As I have mentioned before, there are many different methods that can share the same name.  I have heard of another White Crane, of Wu Mei, something like that.  And I think the Indonesian and/or Malaysian arts have a Crane influence, but these are all their own interpretation and are nothing like Tibetan or Fukien White Crane systems.  So I guess in a way, someone could do their own interpretation of an animal and base their movement off of that, and give it the name.  It's just that the Asian systems are well established and proven, often over centuries, and were developed by people who had a closer experience of the animal, to learn from it thru observation, and develop a system.  I would be less trusting of a method developed by a guy in 2005 who spent time at the zoo watching the tigers sleep all day, and the cranes stand around doing nothing.  It just isn't a quality experience that would give someone the insight to create their own martial system.  And whenever a new martial system is created, it is done by someone with a strong background already.  These things don't just spring up out of a vaccuum.  So whatever background the person already had will definitely influence the "new" system.

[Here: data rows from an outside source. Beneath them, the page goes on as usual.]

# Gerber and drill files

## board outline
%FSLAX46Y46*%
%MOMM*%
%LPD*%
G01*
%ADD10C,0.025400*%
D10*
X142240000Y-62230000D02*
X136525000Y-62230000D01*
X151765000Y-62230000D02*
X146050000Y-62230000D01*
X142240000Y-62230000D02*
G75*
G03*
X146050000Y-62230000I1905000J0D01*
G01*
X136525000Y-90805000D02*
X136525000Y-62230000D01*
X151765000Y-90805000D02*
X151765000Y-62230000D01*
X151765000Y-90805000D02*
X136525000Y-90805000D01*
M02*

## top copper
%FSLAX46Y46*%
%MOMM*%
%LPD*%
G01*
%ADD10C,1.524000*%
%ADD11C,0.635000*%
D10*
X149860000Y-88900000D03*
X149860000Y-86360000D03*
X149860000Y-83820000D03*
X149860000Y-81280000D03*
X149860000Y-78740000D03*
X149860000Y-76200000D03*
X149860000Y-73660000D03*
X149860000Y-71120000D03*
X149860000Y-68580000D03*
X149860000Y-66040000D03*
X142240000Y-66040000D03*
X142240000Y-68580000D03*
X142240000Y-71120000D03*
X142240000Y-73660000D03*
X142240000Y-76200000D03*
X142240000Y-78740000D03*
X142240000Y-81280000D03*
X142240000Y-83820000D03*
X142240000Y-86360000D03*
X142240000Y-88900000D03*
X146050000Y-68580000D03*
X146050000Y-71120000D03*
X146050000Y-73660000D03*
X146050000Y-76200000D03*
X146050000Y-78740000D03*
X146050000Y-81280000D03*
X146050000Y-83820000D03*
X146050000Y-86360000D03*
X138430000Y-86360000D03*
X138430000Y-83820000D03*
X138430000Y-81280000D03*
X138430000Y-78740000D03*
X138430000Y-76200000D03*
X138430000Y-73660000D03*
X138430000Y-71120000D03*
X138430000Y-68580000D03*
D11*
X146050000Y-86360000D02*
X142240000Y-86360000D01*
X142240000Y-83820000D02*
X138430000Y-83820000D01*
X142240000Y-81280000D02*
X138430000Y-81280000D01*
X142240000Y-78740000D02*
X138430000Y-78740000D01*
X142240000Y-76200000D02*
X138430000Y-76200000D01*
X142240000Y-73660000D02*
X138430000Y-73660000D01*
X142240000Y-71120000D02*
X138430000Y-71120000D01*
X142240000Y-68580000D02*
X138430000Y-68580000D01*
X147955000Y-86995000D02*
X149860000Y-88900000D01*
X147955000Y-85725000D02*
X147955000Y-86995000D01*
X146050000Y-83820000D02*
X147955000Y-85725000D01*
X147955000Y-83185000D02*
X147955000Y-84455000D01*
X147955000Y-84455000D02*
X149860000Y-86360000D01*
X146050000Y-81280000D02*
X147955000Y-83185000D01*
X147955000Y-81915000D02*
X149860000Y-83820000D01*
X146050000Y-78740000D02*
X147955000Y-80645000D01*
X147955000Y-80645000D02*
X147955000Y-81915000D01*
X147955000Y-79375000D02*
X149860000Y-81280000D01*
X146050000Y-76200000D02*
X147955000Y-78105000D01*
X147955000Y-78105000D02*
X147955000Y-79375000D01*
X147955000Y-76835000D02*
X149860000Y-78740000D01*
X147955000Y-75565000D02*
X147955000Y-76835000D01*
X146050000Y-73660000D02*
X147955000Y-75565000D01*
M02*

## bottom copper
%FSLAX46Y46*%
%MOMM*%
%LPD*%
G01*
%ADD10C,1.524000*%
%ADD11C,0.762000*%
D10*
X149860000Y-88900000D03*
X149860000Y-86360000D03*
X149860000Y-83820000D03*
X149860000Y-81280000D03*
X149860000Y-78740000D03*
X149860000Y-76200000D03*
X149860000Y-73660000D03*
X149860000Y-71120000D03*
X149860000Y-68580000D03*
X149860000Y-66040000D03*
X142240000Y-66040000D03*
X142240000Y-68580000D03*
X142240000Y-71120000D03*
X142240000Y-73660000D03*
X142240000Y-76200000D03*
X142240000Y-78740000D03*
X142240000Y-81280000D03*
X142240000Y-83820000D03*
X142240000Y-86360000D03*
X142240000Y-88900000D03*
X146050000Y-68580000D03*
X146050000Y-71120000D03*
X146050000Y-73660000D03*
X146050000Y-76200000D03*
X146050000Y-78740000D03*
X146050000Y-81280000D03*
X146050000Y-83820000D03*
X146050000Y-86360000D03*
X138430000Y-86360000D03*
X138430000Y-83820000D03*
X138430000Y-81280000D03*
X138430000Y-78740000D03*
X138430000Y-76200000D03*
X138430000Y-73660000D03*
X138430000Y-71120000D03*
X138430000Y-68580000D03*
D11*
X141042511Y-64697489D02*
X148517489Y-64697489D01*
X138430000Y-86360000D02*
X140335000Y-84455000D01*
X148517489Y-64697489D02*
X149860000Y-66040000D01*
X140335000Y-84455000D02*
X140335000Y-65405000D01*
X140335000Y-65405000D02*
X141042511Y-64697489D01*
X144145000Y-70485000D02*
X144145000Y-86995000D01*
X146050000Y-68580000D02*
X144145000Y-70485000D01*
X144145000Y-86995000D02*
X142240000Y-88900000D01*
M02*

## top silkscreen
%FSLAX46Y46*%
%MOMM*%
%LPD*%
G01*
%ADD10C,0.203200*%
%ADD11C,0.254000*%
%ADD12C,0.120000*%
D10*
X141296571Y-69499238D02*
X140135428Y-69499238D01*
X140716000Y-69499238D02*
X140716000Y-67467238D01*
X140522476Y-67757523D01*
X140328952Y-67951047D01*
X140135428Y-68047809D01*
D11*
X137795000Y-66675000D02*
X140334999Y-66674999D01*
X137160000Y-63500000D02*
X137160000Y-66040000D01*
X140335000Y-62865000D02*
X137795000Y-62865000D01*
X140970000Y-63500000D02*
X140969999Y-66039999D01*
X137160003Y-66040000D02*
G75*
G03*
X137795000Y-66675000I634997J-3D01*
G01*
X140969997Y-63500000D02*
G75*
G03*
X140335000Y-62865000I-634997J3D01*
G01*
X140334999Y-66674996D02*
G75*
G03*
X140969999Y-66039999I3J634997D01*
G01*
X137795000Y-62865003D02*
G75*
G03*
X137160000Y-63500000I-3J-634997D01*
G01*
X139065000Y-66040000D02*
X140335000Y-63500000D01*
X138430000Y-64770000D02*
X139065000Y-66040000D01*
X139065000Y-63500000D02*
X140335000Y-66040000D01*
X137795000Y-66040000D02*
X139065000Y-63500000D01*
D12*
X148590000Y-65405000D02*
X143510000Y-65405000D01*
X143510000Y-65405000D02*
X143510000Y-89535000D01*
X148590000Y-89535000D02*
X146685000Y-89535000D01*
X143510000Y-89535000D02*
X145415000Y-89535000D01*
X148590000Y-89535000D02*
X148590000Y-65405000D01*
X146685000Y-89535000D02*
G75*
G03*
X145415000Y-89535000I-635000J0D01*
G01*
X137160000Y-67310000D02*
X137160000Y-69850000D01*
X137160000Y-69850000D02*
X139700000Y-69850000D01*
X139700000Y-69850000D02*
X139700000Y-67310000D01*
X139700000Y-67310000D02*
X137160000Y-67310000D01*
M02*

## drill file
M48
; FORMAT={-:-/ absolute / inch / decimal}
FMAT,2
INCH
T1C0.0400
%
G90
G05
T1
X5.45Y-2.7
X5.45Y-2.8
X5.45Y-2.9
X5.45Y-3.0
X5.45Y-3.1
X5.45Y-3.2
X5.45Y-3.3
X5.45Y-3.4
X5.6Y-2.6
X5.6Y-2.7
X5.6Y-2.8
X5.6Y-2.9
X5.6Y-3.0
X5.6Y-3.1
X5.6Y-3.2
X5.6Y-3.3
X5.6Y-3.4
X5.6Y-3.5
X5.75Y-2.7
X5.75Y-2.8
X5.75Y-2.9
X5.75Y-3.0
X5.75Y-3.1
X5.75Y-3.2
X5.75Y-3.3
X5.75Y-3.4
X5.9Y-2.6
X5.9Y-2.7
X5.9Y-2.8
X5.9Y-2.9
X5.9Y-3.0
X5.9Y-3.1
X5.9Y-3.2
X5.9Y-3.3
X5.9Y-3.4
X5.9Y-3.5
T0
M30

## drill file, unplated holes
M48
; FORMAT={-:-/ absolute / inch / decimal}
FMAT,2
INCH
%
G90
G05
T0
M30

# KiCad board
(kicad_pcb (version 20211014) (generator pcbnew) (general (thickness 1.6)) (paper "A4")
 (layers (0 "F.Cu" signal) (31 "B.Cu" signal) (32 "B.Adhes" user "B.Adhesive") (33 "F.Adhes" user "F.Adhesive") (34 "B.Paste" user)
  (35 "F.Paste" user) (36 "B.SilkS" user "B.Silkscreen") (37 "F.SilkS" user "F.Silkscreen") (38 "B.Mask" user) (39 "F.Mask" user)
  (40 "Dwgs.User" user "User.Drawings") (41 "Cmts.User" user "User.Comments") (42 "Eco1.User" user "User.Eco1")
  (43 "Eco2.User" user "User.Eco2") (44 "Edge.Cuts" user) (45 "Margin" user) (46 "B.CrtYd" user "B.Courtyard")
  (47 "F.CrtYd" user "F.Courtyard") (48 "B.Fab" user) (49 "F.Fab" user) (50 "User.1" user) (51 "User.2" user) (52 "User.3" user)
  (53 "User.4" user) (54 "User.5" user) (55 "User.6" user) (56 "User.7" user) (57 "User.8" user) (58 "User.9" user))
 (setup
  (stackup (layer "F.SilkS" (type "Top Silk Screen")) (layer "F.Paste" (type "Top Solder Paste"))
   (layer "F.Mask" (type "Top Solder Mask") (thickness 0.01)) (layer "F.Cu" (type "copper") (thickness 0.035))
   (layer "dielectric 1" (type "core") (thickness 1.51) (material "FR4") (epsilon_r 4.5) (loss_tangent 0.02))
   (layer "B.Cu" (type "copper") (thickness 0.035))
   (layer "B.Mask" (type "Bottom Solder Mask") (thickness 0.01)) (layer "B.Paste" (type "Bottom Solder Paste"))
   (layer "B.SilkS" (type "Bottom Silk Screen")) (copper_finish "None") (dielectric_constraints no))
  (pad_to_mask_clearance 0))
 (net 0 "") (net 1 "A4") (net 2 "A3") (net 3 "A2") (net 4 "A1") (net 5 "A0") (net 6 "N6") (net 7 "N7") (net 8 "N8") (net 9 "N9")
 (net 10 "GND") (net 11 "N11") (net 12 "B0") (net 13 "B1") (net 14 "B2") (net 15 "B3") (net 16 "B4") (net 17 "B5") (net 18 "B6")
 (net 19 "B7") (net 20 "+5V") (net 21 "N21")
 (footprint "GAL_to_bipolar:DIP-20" (layer "F.Cu") (at 146.05 77.47 180)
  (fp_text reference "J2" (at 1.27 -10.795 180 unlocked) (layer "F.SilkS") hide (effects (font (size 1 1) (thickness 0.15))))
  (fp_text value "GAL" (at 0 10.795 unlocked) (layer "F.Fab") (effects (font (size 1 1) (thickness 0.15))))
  (fp_line (start -2.54 12.065) (end 2.54 12.065) (layer "F.SilkS") (width 0.12))
  (fp_line (start 2.54 12.065) (end 2.54 -12.065) (layer "F.SilkS") (width 0.12))
  (fp_line (start 2.54 -12.065) (end 0.635 -12.065) (layer "F.SilkS") (width 0.12))
  (fp_line (start -2.54 -12.065) (end -2.54 12.065) (layer "F.SilkS") (width 0.12))
  (fp_line (start -2.54 -12.065) (end -0.635 -12.065) (layer "F.SilkS") (width 0.12))
  (fp_arc (start 0.635 -12.065) (mid 0 -11.43) (end -0.635 -12.065) (layer "F.SilkS") (width 0.12))
  (pad "1" thru_hole circle (at -3.81 -11.43 180) (size 1.524 1.524) (drill 1.016) (layers *.Cu *.Mask) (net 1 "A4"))
  (pad "2" thru_hole circle (at -3.81 -8.89 180) (size 1.524 1.524) (drill 1.016) (layers *.Cu *.Mask) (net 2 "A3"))
  (pad "3" thru_hole circle (at -3.81 -6.35 180) (size 1.524 1.524) (drill 1.016) (layers *.Cu *.Mask) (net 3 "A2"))
  (pad "4" thru_hole circle (at -3.81 -3.81 180) (size 1.524 1.524) (drill 1.016) (layers *.Cu *.Mask) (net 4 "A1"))
  (pad "5" thru_hole circle (at -3.81 -1.27 180) (size 1.524 1.524) (drill 1.016) (layers *.Cu *.Mask) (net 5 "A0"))
  (pad "6" thru_hole circle (at -3.81 1.27 180) (size 1.524 1.524) (drill 1.016) (layers *.Cu *.Mask) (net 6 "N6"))
  (pad "7" thru_hole circle (at -3.81 3.81 180) (size 1.524 1.524) (drill 1.016) (layers *.Cu *.Mask) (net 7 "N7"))
  (pad "8" thru_hole circle (at -3.81 6.35 180) (size 1.524 1.524) (drill 1.016) (layers *.Cu *.Mask) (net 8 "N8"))
  (pad "9" thru_hole circle (at -3.81 8.89 180) (size 1.524 1.524) (drill 1.016) (layers *.Cu *.Mask) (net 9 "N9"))
  (pad "10" thru_hole circle (at -3.81 11.43 180) (size 1.524 1.524) (drill 1.016) (layers *.Cu *.Mask) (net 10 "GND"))
  (pad "11" thru_hole circle (at 3.81 11.43 180) (size 1.524 1.524) (drill 1.016) (layers *.Cu *.Mask) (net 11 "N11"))
  (pad "12" thru_hole circle (at 3.81 8.89 180) (size 1.524 1.524) (drill 1.016) (layers *.Cu *.Mask) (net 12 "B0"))
  (pad "13" thru_hole circle (at 3.81 6.35 180) (size 1.524 1.524) (drill 1.016) (layers *.Cu *.Mask) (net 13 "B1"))
  (pad "14" thru_hole circle (at 3.81 3.81 180) (size 1.524 1.524) (drill 1.016) (layers *.Cu *.Mask) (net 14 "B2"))
  (pad "15" thru_hole circle (at 3.81 1.27 180) (size 1.524 1.524) (drill 1.016) (layers *.Cu *.Mask) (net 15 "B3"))
  (pad "16" thru_hole circle (at 3.81 -1.27 180) (size 1.524 1.524) (drill 1.016) (layers *.Cu *.Mask) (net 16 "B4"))
  (pad "17" thru_hole circle (at 3.81 -3.81 180) (size 1.524 1.524) (drill 1.016) (layers *.Cu *.Mask) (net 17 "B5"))
  (pad "18" thru_hole circle (at 3.81 -6.35 180) (size 1.524 1.524) (drill 1.016) (layers *.Cu *.Mask) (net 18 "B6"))
  (pad "19" thru_hole circle (at 3.81 -8.89 180) (size 1.524 1.524) (drill 1.016) (layers *.Cu *.Mask) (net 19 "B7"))
  (pad "20" thru_hole circle (at 3.81 -11.43 180) (size 1.524 1.524) (drill 1.016) (layers *.Cu *.Mask) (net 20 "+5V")))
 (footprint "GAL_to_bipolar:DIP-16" (layer "F.Cu") (at 142.24 77.47)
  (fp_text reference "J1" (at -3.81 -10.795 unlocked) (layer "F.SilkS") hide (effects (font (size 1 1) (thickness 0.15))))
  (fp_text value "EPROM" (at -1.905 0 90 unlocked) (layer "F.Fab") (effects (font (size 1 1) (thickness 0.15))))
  (fp_line (start -5.08 -10.16) (end -5.08 -7.62) (layer "F.SilkS") (width 0.12))
  (fp_line (start -2.54 -10.16) (end -5.08 -10.16) (layer "F.SilkS") (width 0.12))
  (fp_line (start -5.08 -7.62) (end -2.54 -7.62) (layer "F.SilkS") (width 0.12))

Food for thought.  Chew, swallow, digest, defecate...


----------



## KempoGuy06 (Jan 19, 2007)

Flying Crane said:


> Glad to help.
> 
> In all seriousness, I would certainly be interested in hearing some answers from the higher-ups in your group. It would be interesting to know where the Five Animals material comes from specifically, if it was incorporated from a specific Chinese system like Choy Li Fut or Hung Gar. It would also be interesting to hear an explanation of how the animal material is manifest in your system, and how each animal is specifically applied and how their characteristics show themselves.
> 
> ...


 
LOL! Guy at the zoo! Priceless! I can picture that now (the monkey system might involve a lot of poo if you catch my drift). LOL!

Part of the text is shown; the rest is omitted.